Jan Heiland

LQG-Balanced Truncation Low-Order Controller for Stabilization of Laminar Flows

Recent theoretical and simulation results have shown that Riccati based feedback can stabilize flows at moderate Reynolds numbers. We extend this established control setup by the method of LQG-balanced truncation. In view of practical implementation, we introduce a controller that bases only on outputs rather than on the full state of the system. Also, we provide a very low dimensional observer so that the control actuation can be computed in an online fashion.

Best practices for replicability, reproducibility and reusability of computer-based experiments exemplified by model reduction software

Over the recent years the importance of numerical experiments has gradually been more recognized. Nonetheless, sufficient documentation of how computational results have been obtained is often not available. Especially in the scientific computing and applied mathematics domain this is crucial, since numerical experiments are usually employed to verify the proposed hypothesis in a publication. This work aims to propose standards and best practices for the setup and publication of numerical experiments. Naturally, this amounts to a guideline for development, maintenance, and publication of numerical research software. Such a primer will enable the replicability and reproducibility of computer-based experiments and published results and also promote the reusability of the associated software.

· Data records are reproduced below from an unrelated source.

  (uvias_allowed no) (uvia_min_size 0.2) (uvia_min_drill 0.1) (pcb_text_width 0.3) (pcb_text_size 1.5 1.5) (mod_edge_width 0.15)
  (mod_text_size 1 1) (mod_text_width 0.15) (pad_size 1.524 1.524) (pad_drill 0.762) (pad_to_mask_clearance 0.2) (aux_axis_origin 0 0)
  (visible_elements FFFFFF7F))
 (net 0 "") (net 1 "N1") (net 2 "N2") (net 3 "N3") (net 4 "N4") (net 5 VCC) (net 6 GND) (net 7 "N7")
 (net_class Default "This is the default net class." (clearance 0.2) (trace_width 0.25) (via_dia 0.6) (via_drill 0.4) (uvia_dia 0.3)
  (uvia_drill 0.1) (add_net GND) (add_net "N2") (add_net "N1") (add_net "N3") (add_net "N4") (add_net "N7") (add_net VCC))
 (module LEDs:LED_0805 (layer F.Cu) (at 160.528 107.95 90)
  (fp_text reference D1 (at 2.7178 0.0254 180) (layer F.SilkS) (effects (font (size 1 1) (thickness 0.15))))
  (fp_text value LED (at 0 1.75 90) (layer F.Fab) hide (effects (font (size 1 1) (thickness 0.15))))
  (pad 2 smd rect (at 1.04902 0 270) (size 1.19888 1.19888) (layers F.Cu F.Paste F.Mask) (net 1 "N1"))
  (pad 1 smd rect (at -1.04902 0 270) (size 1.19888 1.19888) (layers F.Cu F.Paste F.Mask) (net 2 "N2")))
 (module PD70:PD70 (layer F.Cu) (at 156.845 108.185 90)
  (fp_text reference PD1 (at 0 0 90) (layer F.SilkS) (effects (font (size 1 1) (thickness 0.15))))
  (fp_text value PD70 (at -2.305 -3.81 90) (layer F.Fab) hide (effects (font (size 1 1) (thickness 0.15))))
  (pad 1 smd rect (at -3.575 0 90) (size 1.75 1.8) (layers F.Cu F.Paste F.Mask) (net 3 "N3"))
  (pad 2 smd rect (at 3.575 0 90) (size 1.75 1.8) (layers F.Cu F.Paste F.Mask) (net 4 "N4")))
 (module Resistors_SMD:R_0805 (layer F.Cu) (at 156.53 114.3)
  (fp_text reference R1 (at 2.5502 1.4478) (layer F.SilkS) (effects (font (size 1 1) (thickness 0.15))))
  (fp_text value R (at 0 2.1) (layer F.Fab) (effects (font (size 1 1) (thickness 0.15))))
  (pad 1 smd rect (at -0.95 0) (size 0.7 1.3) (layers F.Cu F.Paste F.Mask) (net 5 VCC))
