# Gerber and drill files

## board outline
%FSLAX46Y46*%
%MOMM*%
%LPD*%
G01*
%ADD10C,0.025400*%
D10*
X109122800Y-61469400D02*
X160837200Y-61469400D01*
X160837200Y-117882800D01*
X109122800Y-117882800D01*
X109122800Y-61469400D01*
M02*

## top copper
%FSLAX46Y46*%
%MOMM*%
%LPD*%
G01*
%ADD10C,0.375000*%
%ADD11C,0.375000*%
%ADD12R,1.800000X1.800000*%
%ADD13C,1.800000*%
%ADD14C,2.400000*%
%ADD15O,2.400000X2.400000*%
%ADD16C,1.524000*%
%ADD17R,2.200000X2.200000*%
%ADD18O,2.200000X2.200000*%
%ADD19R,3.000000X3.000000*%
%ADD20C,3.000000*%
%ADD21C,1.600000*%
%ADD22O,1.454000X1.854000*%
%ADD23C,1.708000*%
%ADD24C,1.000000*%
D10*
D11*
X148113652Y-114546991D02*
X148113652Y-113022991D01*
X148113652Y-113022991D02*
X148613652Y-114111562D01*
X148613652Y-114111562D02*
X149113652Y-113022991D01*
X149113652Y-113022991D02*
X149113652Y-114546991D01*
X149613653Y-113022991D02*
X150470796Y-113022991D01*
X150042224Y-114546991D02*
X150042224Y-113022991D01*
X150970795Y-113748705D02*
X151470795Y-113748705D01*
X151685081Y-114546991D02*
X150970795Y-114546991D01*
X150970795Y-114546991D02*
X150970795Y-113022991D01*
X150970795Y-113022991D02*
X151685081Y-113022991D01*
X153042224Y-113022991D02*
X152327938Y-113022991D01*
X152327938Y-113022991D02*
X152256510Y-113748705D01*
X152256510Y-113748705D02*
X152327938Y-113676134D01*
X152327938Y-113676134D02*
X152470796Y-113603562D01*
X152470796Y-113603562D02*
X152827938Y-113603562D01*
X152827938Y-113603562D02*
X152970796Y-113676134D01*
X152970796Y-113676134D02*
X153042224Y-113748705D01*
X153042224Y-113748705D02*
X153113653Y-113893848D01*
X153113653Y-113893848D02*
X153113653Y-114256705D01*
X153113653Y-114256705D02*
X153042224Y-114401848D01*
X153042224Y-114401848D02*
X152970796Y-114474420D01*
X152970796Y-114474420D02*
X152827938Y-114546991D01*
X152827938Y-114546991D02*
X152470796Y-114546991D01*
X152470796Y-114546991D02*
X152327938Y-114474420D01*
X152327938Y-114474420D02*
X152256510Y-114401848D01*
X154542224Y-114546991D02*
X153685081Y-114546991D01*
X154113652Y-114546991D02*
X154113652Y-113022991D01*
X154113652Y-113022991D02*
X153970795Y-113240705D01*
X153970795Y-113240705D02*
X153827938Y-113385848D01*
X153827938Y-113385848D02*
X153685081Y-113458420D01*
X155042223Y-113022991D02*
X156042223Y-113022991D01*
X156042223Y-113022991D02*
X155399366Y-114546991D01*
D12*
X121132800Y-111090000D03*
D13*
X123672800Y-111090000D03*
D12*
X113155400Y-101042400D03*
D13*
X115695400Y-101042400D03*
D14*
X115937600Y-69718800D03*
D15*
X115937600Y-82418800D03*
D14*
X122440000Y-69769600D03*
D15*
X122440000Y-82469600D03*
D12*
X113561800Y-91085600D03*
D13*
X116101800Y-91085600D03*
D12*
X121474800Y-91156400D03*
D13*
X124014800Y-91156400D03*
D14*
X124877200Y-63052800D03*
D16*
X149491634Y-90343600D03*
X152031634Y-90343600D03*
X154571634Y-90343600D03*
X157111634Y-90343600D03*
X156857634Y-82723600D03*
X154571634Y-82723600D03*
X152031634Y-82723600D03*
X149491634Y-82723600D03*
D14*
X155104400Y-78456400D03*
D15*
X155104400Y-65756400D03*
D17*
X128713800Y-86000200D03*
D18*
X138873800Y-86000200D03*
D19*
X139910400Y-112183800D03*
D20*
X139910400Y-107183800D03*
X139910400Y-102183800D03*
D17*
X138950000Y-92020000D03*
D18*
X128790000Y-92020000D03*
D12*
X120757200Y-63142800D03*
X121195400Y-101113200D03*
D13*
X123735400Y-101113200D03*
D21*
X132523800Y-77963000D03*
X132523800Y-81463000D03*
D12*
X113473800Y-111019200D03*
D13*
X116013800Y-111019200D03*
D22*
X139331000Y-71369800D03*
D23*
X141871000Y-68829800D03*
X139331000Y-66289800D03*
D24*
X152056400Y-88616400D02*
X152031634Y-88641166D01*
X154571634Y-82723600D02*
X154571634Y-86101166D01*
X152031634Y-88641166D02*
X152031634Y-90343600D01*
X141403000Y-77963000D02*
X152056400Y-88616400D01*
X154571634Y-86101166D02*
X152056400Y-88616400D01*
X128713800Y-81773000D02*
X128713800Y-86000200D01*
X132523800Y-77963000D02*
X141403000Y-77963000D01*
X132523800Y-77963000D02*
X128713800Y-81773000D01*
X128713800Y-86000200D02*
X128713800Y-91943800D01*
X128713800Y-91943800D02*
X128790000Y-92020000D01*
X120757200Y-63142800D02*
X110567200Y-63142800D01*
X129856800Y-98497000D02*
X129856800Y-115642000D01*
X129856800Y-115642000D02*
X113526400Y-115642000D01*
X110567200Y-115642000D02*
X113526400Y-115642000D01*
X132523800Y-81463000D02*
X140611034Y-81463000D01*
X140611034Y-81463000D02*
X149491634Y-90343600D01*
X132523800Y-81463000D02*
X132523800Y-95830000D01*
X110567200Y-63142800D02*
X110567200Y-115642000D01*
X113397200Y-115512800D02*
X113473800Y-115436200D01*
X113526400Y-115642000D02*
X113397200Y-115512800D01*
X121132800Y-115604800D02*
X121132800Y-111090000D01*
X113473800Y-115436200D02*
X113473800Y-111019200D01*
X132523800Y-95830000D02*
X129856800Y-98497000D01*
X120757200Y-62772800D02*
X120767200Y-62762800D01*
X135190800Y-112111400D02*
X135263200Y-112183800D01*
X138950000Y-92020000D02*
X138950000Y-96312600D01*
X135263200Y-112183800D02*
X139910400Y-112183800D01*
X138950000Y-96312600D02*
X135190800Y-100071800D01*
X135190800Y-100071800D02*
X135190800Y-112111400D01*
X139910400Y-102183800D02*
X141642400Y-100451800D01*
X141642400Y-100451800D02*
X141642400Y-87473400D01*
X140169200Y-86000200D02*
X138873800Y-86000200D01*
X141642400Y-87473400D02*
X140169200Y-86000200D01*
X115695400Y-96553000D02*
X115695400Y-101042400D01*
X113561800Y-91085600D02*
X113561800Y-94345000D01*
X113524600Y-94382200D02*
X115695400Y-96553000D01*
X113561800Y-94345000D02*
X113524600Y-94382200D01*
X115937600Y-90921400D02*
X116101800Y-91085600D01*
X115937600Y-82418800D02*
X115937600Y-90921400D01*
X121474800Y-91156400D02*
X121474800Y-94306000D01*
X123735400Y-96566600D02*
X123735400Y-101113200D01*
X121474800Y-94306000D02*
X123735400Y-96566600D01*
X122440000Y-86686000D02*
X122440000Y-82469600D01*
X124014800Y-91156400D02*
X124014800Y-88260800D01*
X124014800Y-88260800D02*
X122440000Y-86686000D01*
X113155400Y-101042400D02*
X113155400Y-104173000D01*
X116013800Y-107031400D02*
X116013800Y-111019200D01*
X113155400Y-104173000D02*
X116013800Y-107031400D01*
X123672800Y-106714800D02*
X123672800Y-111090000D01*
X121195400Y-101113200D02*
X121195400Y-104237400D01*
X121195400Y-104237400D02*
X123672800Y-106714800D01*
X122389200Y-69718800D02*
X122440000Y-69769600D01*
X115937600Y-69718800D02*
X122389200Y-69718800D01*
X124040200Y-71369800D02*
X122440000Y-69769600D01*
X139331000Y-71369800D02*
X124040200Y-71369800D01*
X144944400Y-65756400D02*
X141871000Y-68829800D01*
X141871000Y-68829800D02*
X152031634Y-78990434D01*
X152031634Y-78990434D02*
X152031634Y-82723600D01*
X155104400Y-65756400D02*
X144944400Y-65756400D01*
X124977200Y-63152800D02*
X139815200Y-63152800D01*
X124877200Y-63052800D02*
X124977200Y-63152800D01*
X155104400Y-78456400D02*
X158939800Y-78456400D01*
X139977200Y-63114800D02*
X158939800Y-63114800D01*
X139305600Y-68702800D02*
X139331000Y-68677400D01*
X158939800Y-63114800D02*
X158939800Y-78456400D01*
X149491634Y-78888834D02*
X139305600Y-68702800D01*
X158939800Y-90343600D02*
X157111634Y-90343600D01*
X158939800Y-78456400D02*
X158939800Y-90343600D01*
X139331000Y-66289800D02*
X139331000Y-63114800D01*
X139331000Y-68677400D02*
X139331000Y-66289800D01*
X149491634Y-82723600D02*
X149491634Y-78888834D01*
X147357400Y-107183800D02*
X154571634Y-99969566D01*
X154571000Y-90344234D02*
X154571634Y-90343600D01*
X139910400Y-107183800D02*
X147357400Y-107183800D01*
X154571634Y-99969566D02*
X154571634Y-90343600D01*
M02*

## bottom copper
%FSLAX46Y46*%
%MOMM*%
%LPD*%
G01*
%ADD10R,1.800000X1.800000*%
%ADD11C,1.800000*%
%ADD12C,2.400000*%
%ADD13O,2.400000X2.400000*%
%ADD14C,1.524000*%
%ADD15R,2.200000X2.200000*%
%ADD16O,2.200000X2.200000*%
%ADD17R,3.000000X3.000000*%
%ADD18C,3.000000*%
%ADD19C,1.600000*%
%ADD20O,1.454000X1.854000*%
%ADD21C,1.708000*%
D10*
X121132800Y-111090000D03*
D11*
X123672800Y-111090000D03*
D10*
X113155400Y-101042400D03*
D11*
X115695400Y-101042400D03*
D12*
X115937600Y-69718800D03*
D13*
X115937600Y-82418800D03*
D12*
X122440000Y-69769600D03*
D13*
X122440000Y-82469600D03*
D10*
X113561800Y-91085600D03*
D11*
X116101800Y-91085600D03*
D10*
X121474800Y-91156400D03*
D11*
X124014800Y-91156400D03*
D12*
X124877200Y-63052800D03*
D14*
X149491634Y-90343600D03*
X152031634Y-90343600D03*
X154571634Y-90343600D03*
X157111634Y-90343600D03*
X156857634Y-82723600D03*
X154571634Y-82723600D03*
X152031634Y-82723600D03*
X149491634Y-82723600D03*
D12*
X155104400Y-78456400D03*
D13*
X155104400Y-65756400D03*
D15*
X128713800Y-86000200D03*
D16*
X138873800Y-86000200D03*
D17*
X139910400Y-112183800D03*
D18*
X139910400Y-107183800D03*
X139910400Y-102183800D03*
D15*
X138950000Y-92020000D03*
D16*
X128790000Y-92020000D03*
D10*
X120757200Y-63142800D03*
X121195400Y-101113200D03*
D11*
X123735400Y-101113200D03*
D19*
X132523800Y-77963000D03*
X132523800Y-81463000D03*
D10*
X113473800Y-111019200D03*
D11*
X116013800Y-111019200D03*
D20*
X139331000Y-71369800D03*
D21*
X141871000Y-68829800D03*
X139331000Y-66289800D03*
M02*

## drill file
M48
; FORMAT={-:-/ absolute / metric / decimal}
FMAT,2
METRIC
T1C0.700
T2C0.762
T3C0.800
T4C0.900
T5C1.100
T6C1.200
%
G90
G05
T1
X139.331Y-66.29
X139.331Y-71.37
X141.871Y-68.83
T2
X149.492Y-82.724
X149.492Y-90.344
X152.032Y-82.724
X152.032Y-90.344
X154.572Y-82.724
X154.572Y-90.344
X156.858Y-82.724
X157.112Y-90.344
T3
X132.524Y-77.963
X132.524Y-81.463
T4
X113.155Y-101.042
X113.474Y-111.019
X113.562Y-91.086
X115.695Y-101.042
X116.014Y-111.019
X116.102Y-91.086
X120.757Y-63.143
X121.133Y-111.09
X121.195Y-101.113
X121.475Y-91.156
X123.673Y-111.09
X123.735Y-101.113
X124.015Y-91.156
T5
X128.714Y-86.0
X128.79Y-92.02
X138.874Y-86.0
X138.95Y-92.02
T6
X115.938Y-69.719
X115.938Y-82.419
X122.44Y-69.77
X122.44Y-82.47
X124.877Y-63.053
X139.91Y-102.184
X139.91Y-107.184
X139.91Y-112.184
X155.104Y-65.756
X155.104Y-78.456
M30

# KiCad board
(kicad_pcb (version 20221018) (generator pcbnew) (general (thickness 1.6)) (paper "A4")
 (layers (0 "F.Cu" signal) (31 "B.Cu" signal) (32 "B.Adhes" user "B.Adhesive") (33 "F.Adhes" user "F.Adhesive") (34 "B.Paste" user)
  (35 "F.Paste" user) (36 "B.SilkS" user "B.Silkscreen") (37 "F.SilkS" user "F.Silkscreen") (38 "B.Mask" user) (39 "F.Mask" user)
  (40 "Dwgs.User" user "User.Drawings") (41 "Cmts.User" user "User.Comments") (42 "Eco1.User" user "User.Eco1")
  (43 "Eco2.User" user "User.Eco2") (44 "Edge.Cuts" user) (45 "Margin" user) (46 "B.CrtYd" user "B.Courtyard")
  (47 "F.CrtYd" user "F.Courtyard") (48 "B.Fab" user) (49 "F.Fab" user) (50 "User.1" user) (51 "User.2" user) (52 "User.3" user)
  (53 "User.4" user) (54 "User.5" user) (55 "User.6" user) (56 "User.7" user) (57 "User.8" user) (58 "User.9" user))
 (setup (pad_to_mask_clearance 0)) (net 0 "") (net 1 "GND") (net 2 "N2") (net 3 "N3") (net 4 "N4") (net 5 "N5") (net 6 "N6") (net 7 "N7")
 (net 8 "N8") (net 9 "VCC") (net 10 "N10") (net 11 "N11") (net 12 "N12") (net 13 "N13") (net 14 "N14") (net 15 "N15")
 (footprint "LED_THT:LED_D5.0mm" (layer "F.Cu") (at 121.1328 111.09)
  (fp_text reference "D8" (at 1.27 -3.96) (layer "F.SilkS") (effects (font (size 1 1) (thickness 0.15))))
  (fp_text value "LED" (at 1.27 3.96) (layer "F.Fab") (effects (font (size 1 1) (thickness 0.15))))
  (pad "1" thru_hole rect (at 0 0) (size 1.8 1.8) (drill 0.9) (layers "*.Cu" "*.Mask") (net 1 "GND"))
  (pad "2" thru_hole circle (at 2.54 0) (size 1.8 1.8) (drill 0.9) (layers "*.Cu" "*.Mask") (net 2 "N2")))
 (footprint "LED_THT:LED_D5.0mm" (layer "F.Cu") (at 113.1554 101.0424)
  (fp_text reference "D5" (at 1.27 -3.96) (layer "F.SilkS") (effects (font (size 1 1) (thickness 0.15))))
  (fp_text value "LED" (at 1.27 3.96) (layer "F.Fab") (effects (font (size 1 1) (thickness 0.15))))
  (pad "1" thru_hole rect (at 0 0) (size 1.8 1.8) (drill 0.9) (layers "*.Cu" "*.Mask") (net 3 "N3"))
  (pad "2" thru_hole circle (at 2.54 0) (size 1.8 1.8) (drill 0.9) (layers "*.Cu" "*.Mask") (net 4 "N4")))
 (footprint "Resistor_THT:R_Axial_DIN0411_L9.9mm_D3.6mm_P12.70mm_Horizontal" (layer "F.Cu") (at 115.9376 69.7188 -90)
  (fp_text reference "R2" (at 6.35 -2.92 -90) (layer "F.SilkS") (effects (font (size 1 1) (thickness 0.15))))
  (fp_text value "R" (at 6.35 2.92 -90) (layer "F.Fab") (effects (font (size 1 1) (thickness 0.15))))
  (pad "1" thru_hole circle (at 0 0 270) (size 2.4 2.4) (drill 1.2) (layers "*.Cu" "*.Mask") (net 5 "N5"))
  (pad "2" thru_hole oval (at 12.7 0 270) (size 2.4 2.4) (drill 1.2) (layers "*.Cu" "*.Mask") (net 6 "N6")))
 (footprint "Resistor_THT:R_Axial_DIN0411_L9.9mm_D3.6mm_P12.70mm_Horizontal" (layer "F.Cu") (at 122.44 69.7696 -90)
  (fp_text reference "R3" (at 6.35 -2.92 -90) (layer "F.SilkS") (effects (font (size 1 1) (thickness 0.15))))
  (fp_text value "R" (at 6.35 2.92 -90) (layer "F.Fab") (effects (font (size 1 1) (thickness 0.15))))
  (pad "1" thru_hole circle (at 0 0 270) (size 2.4 2.4) (drill 1.2) (layers "*.Cu" "*.Mask") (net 5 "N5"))
  (pad "2" thru_hole oval (at 12.7 0 270) (size 2.4 2.4) (drill 1.2) (layers "*.Cu" "*.Mask") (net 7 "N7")))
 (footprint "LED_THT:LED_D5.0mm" (layer "F.Cu") (at 113.5618 91.0856)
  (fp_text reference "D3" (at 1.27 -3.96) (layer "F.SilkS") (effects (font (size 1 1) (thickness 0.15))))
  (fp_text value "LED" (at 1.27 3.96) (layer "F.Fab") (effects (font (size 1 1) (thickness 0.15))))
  (pad "1" thru_hole rect (at 0 0) (size 1.8 1.8) (drill 0.9) (layers "*.Cu" "*.Mask") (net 4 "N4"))
  (pad "2" thru_hole circle (at 2.54 0) (size 1.8 1.8) (drill 0.9) (layers "*.Cu" "*.Mask") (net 6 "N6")))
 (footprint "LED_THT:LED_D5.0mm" (layer "F.Cu") (at 121.4748 91.1564)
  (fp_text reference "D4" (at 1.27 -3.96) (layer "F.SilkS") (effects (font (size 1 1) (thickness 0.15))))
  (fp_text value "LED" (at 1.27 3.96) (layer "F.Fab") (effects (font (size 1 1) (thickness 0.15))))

A New Discretization Framework for Input/Output Maps and Its Application to Flow Control

We discuss the direct discretization of the input/output map of linear time-invariant systems with distributed inputs and outputs. At first, the input and output signals are discretized in space and time, resulting in a matrix representation of an approximated input/output map. Then the system dynamics is approximated, in order to calculate the matrix representation numerically. The discretization framework, corresponding error estimates, a SVD-based system reduction method and a numerical application in optimal flow control are presented.

Discrete Input/Output Maps and their Relation to Proper Orthogonal Decomposition

Current control design techniques require system models of moderate size to be applicable. The generation of such models is challenging for complex systems which are typically described by partial differential equations (PDEs), and model-order reduction or low-order-modeling techniques have been developed for this purpose. Many of them heavily rely on the state space models and their discretizations. However, in control applications, a sufficient accuracy of the models with respect to their input/output (I/O) behavior is typically more relevant than the accurate representation of the system states. Therefore, a discretization framework has been developed and is discussed here, which heavily focuses on the I/O map of the original PDE system and its direct discretization in the form of an I/O matrix and with error bounds measuring the relevant I/O error. We also discuss an SVD-based dimension reduction for the matrix representation of an I/O map and how it can be interpreted in terms of the Proper Orthogonal Decomposition (POD) method which gives rise to a more general POD approach in time capturing. We present numerical examples for both, reduced I/O map s and generalized POD.

Exponential Stability and Stabilization of Extended Linearizations via Continuous Updates of Riccati Based Feedback

Summary Many recent works on the stabilization of nonlinear systems target the case of locally stabilizing an unstable steady-state solution against small perturbations. In this work, we explicitly address the goal of driving a system into a nonattractive steady state starting from a well-developed state for which the linearization-based local approaches will not work. Considering extended linearizations or state-dependent coefficient representations of nonlinear systems, we develop sufficient conditions for the stability of solution trajectories. We find that if the coefficient matrix is uniformly stable in a sufficiently large neighborhood of the current state, then the state will eventually decay. On the basis of these analytical results, we propose a scheme that is designed to maintain the stabilization property of a Riccati-based feedback constant during a certain period of the state evolution. We illustrate the general applicability of the resulting algorithm for setpoint stabilization of nonlinear autonomous systems and its numerical efficiency in 2 examples.

A Differential-Algebraic Riccati Equation for Applications in Flow Control

We investigate existence and structure of solutions to quadratic control problems with semiexplicit differential-algebraic constraints as they appear in the modeling of flows. We introduce a decoupled representation of the state and the formal adjoint equations to identify the conditions for the existence of solutions. We derive a differential-algebraic Riccati equation formulated in the original coefficients for the efficient numerical computation of the optimal solution.

SYSTEMATIC DISCRETIZATION OF INPUT/OUTPUT MAPS AND CONTROL OF PARTIAL DIFFERENTIAL EQUATIONS

We present a framework for the direct discretization of the input/output map of dynamical systems governed by linear partial differential equations with distributed inputs and outputs. The approximation consists of two steps. First, the input and output signals are discretized in space and time, resulting in finite dimensional spaces for the input and output signals. These are then used to approximate the dynamics of the system. The approximation errors in both steps are balanced and a matrix representation of an approximate input/output map is constructed which can be further reduced using singular value decompositions. We present the discretization framework, corresponding error estimates, and the SVD-based system reduction method. The theoretical results are illustrated with some applications in the optimal control of partial differential equations.